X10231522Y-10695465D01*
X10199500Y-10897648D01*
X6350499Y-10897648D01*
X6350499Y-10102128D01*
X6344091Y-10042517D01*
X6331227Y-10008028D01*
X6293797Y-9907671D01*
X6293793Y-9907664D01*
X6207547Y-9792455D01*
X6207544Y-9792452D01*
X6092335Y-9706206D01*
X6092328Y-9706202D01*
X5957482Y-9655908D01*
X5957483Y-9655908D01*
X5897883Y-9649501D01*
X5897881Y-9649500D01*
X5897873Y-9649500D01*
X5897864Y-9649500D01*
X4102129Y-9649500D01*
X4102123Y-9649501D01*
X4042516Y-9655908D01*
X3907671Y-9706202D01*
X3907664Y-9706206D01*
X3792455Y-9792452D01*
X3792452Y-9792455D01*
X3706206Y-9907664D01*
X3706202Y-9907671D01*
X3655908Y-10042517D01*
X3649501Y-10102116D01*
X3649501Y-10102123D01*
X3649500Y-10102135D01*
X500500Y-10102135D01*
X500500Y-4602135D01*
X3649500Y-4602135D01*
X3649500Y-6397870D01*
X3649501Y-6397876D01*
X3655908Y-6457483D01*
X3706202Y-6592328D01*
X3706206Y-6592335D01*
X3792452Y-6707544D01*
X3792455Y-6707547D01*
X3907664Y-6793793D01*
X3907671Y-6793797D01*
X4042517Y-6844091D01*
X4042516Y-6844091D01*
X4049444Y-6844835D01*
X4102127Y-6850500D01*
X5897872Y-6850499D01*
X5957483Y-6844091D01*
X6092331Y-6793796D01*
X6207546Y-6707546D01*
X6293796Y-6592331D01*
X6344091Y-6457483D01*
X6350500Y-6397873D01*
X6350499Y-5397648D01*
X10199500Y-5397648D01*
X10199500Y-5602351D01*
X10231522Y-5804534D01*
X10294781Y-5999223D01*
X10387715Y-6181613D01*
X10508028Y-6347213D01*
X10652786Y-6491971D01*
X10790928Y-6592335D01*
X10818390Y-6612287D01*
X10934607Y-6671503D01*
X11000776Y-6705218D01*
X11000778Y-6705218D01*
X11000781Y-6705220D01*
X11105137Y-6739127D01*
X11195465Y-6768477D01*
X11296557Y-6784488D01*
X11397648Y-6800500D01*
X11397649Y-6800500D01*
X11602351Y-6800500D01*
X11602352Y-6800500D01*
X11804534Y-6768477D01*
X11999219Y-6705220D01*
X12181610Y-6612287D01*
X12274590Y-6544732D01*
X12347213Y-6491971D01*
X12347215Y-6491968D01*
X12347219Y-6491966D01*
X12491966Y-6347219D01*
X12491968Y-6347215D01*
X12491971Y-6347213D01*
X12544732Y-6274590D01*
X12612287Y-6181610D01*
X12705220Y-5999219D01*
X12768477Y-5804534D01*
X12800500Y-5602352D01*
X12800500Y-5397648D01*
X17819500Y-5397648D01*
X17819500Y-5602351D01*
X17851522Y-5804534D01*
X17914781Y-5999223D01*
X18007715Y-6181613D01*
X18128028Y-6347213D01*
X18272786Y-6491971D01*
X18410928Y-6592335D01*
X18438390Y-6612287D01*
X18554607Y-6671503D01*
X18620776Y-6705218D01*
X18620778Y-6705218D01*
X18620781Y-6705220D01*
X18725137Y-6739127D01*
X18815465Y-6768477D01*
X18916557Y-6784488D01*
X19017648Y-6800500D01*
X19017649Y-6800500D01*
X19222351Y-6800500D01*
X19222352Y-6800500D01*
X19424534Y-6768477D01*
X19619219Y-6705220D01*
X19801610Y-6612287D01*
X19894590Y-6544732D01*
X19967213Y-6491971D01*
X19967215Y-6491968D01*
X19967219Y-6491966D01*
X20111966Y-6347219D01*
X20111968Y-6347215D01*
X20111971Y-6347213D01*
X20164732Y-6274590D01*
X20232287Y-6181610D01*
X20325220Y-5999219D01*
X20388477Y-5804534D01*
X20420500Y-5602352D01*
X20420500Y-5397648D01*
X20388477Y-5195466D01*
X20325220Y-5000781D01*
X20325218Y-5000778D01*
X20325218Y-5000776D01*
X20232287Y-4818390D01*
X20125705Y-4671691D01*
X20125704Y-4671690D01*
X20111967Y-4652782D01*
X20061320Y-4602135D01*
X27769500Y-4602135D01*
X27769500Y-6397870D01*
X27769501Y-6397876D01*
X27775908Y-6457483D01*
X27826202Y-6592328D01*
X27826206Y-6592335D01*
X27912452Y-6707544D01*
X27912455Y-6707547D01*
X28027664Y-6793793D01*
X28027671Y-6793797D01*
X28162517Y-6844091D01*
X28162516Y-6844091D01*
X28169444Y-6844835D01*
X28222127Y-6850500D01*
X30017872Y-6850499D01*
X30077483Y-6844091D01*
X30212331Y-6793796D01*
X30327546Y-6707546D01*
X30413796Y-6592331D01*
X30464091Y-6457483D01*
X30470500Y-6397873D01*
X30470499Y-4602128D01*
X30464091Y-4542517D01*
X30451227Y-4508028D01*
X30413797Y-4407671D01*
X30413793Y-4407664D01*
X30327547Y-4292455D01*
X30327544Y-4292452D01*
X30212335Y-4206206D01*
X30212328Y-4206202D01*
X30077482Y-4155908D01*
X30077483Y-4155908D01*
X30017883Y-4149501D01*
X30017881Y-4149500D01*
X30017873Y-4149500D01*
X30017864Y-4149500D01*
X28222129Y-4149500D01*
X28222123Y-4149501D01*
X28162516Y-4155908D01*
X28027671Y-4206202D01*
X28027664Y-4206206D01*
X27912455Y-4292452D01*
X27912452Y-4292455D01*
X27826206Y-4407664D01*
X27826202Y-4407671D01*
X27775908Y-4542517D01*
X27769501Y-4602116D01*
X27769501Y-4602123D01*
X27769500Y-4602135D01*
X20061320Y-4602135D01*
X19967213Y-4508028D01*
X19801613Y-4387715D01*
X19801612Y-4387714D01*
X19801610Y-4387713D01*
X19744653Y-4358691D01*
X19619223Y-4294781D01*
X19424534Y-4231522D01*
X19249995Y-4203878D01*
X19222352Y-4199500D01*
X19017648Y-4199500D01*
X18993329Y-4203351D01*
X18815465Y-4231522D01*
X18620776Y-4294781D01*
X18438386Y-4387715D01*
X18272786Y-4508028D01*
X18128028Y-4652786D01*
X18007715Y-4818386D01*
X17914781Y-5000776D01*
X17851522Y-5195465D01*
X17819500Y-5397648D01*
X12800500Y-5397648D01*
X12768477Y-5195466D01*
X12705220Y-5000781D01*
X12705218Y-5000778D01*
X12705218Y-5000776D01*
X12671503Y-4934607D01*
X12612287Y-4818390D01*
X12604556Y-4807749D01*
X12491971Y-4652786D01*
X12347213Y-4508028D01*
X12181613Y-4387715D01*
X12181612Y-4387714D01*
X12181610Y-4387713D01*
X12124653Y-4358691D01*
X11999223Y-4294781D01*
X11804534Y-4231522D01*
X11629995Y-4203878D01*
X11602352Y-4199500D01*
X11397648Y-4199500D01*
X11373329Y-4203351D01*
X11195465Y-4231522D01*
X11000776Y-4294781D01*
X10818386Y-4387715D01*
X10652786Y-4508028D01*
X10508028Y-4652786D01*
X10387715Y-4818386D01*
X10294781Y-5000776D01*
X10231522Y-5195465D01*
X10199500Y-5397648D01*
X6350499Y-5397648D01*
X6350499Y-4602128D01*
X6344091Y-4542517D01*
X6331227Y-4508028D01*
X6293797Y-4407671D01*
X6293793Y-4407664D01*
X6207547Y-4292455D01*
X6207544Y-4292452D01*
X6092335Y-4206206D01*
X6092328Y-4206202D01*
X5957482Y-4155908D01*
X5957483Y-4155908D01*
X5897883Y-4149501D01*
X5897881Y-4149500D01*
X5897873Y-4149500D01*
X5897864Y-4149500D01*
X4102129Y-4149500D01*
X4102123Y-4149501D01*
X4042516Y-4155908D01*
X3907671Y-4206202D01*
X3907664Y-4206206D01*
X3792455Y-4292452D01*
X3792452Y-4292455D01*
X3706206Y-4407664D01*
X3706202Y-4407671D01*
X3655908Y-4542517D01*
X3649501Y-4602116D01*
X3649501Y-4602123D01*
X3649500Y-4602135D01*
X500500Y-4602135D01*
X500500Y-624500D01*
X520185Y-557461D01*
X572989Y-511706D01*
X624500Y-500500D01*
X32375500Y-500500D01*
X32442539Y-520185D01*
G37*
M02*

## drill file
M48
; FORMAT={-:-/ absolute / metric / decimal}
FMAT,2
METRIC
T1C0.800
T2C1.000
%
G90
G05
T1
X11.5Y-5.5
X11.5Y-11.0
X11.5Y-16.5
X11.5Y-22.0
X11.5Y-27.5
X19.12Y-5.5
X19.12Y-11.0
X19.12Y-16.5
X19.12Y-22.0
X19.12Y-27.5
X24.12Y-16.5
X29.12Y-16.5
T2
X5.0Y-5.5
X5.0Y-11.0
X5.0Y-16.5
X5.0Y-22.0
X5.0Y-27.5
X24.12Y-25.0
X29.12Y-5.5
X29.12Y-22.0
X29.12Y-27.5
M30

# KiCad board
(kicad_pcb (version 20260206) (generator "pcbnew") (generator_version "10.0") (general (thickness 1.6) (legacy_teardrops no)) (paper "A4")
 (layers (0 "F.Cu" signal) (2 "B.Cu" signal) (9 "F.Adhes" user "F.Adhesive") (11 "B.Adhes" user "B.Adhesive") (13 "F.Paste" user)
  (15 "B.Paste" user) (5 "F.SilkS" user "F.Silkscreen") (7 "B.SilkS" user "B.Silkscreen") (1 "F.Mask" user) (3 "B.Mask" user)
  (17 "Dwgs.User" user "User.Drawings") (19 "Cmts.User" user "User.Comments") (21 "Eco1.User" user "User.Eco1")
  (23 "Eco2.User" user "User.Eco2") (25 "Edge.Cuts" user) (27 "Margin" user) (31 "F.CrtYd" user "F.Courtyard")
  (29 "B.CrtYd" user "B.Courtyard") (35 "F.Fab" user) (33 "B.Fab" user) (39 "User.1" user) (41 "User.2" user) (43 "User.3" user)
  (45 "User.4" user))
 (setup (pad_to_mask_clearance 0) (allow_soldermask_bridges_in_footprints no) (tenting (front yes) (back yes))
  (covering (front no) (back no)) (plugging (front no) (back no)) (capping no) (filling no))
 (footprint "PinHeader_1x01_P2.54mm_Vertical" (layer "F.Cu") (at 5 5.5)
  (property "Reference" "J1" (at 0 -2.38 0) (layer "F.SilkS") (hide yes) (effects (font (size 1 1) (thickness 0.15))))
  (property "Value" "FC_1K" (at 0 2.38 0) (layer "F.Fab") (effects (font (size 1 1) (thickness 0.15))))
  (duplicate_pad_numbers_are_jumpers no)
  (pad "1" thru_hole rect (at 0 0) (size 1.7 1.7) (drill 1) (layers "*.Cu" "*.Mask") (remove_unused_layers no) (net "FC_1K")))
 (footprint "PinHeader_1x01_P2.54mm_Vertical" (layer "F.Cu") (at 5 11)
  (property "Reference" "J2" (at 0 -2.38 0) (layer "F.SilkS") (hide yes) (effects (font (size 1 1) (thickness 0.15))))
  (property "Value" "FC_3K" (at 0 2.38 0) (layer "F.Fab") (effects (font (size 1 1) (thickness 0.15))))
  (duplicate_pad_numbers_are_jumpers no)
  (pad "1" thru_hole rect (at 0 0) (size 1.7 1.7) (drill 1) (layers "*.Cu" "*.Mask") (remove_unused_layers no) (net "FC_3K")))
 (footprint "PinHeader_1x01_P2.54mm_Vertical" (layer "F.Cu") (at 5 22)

WHAT THE EXERCISE ASKS —
Please print the records above exactly from their first line. End with the line containing "X5957483Y-9655908D01*", and include it.

RESULT —
X10231522Y-10695465D01*
X10199500Y-10897648D01*
X6350499Y-10897648D01*
X6350499Y-10102128D01*
X6344091Y-10042517D01*
X6331227Y-10008028D01*
X6293797Y-9907671D01*
X6293793Y-9907664D01*
X6207547Y-9792455D01*
X6207544Y-9792452D01*
X6092335Y-9706206D01*
X6092328Y-9706202D01*
X5957482Y-9655908D01*
X5957483Y-9655908D01*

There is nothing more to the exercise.